Agreed. I have quite a high sex drive and when DH has been not feeling the best we've gone 4+ months without sex. It's been temporary and has picked up again but it had made me feel so unwanted in the past, we've had rows where I have complained about his lack of interest. I couldn't live like that if it was permanent.

In a normal, non-abusive partnership both partners need to make an effort to be sensitive to each others needs, whether that be for space because they're not feeling it for a period, or for going to the GP if it's a sudden loss of desire / ED etc.

coconuttella · 09/10/2017 17:14

But usually we have sex 3-4 times a week so the sex sulk doesn't happen too much.

You have sex at least every other day and he still has sex sulks where he tells you to fuck off!! Confused I would be concerned for the future when life/babies/illness gets in the way and there's a dry patch!

HolgerDanske · 09/10/2017 17:19

Yes... but the point is it wasn't a permanent situation. It was 4+ months of not feeling wanted, and then it picked up and you felt wanted again.

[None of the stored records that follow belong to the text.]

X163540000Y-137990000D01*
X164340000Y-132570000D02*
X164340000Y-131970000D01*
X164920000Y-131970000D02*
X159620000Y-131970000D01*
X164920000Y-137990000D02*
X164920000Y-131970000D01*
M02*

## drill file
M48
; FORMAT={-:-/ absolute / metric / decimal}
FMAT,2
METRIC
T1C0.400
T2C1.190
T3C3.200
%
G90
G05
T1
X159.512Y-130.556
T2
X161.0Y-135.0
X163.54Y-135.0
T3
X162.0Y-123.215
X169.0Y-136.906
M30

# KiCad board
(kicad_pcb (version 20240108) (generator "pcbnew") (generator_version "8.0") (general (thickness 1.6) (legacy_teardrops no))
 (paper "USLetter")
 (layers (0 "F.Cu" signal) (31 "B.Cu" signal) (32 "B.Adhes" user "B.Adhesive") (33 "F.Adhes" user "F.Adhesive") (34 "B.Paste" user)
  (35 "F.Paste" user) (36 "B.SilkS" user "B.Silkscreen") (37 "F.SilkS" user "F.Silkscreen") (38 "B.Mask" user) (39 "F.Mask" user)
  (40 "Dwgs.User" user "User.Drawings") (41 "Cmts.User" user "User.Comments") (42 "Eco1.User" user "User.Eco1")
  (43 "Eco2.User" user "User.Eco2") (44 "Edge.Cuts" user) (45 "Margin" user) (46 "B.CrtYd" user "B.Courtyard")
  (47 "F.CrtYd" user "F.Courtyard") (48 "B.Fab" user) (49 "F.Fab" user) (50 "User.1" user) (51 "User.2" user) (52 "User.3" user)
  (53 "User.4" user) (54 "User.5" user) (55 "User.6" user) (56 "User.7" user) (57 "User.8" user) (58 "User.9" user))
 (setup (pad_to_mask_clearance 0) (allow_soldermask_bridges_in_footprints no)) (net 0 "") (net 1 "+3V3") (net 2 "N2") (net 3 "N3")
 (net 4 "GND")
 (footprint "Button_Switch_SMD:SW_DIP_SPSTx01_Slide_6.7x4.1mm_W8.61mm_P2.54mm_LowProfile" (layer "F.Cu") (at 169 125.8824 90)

If the other party simply doesn't want sex, and you feel you want sex, then once you feel you have waited long enough, you need to be willing to either a) accept that your o/h no longer wants sex/enjoys sex/wants it with you/whatever the case may be and b) make your peace with that and stay regardless, if other areas in the relationship make up for that loss of sexual intimacy or c) leave.

Scoobydoobydont · 09/10/2017 17:24

I would be concerned for the future when life/babies/illness gets in the way and there's a dry patch!

I wouldn’t.

Dry patches for the valid reasons you mention come along for all couples, and in those instances “taking matters into your own hands” sorts out the physical issue. There isn’t an emotional issue to deal with for the person being turned down as they can see a valid and justifiable reason for not engaging.

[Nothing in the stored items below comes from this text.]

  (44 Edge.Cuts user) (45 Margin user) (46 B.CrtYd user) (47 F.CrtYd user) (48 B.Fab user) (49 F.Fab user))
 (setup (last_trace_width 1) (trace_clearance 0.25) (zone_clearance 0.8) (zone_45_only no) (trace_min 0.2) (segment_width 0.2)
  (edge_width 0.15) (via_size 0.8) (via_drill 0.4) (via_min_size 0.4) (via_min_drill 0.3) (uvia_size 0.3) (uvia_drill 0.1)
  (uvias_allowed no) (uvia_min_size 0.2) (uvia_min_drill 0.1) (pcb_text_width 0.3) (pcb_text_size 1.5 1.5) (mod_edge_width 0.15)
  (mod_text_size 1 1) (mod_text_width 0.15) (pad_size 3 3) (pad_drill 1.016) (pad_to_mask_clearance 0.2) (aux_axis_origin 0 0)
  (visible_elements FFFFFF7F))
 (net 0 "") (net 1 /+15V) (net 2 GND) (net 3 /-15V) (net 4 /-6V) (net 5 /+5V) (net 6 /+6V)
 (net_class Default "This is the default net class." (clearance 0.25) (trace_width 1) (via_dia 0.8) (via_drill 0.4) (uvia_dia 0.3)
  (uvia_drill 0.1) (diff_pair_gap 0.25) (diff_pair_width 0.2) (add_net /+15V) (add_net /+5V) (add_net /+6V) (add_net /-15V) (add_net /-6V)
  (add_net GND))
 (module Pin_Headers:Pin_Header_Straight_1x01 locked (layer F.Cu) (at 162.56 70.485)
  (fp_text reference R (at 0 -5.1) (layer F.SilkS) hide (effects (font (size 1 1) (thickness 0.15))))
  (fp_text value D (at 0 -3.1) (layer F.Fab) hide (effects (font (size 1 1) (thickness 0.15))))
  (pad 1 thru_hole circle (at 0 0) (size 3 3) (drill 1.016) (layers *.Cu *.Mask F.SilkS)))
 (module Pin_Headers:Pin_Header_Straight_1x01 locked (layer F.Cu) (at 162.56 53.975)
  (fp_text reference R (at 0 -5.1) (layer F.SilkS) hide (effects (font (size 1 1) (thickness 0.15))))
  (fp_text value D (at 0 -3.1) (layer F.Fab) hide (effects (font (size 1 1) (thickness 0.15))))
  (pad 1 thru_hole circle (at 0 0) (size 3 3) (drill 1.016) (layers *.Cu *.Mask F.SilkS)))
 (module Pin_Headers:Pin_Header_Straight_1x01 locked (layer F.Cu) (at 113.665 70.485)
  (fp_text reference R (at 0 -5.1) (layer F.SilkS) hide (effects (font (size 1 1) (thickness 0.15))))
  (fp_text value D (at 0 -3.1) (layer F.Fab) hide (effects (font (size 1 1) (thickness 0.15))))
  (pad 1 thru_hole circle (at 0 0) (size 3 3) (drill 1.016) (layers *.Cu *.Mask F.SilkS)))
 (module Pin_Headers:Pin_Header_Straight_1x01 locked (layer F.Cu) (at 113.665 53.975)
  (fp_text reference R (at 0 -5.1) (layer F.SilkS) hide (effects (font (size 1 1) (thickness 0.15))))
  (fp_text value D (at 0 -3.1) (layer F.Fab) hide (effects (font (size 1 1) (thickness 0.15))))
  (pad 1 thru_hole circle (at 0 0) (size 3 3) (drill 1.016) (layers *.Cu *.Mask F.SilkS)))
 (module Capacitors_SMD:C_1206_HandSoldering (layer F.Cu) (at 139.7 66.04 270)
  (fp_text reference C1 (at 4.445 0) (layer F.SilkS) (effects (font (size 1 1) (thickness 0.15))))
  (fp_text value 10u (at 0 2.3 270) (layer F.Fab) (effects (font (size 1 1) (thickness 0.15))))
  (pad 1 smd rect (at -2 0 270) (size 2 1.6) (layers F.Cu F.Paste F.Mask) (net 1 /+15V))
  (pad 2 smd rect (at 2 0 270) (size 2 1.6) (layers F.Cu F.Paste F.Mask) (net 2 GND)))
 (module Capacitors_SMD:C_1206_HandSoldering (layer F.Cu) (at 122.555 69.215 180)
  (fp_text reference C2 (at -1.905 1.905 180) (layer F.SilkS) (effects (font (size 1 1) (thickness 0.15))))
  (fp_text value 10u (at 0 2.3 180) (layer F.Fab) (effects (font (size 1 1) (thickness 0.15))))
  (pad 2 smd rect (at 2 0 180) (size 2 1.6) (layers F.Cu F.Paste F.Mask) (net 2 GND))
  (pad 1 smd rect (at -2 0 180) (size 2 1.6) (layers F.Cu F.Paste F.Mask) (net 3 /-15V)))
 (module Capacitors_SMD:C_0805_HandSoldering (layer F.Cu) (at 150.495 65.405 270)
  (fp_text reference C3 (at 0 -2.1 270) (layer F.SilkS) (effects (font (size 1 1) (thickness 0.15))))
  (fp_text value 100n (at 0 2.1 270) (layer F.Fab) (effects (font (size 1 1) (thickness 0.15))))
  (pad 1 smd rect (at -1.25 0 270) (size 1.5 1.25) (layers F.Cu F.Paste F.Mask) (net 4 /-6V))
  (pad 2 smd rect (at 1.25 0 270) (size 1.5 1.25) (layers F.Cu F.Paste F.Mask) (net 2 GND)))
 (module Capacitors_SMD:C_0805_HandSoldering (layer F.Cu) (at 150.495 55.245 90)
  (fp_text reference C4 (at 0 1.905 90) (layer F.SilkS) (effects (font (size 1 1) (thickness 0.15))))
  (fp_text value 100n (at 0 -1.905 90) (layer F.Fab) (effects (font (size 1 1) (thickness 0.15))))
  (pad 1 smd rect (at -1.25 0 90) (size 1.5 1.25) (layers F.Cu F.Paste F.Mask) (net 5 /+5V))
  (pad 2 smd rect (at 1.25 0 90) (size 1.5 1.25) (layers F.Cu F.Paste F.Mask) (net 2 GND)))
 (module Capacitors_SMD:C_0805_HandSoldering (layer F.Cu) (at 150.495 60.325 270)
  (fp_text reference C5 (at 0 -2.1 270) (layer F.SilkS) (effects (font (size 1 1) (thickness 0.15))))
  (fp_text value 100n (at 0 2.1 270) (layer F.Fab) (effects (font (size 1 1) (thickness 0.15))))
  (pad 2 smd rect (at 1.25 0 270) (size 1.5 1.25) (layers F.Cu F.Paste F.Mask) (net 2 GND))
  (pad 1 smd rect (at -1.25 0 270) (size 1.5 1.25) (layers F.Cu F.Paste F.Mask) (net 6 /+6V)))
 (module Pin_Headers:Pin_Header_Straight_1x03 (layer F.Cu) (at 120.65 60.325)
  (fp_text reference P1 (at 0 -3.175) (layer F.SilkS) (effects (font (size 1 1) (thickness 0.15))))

It’s a completely different situation to reguralaly and consistently being turned down by someone who just doesn’t want sex with you - which when you love them and believe they love you is utterly soul destroying

kittensinmydinner1 · 09/10/2017 17:25

I do not for one minute doubt that men (women less so) are capable of having affairs whilst enjoying a healthy sex life with their partners.
There will always be self centred ‘players’ who get their kicks from the thrill of the new. But we aren’t discussing couples with healthy , mutually agreeable sex lives. We are discussing mismatched libidos.
It’s a serious serious relationship threatening issue that will NOT improve without facing it.
This is not an exclusive male preserve. Plenty of women suffer the grinding misery of continual rejection. They however get a much more sympathetic ride and aren’t dismissed with ‘introduce her to her right hand’ - that is so far beyond crass and thoughtless as to be quite unpleasant. Most people in a relationship regard sex as the glue that holds the whole thing together.

ReanimatedSGB · 09/10/2017 17:32

The fact that this man will carry on having sex on OP's body when he has said to her that he can see she isn't keen is what makes me think the relationship may well be doomed.

Arrowfanatic · 09/10/2017 17:32

I've been here, and posted about the sex sulk before. My husband is a wonderful man, great father and I adore him. But he wants sex every day, I want it once a week. Add to this I have ill health and a very busy home life I can easily go a couple of weeks without sex even occurring to me.

Oh would sulk, declare I must just not fancy him and it simply wasn't true. I was just tired, in pain or simply just not in the mood. We've worked past it and things have improved, we talked about it and both made an effort.

HerSymphonyAndSong · 09/10/2017 17:35

Thank goodness someone else has noticed this ReanimatedSGB!

HolgerDanske · 09/10/2017 17:40

Of course I've noticed it, it's glaringly obvious.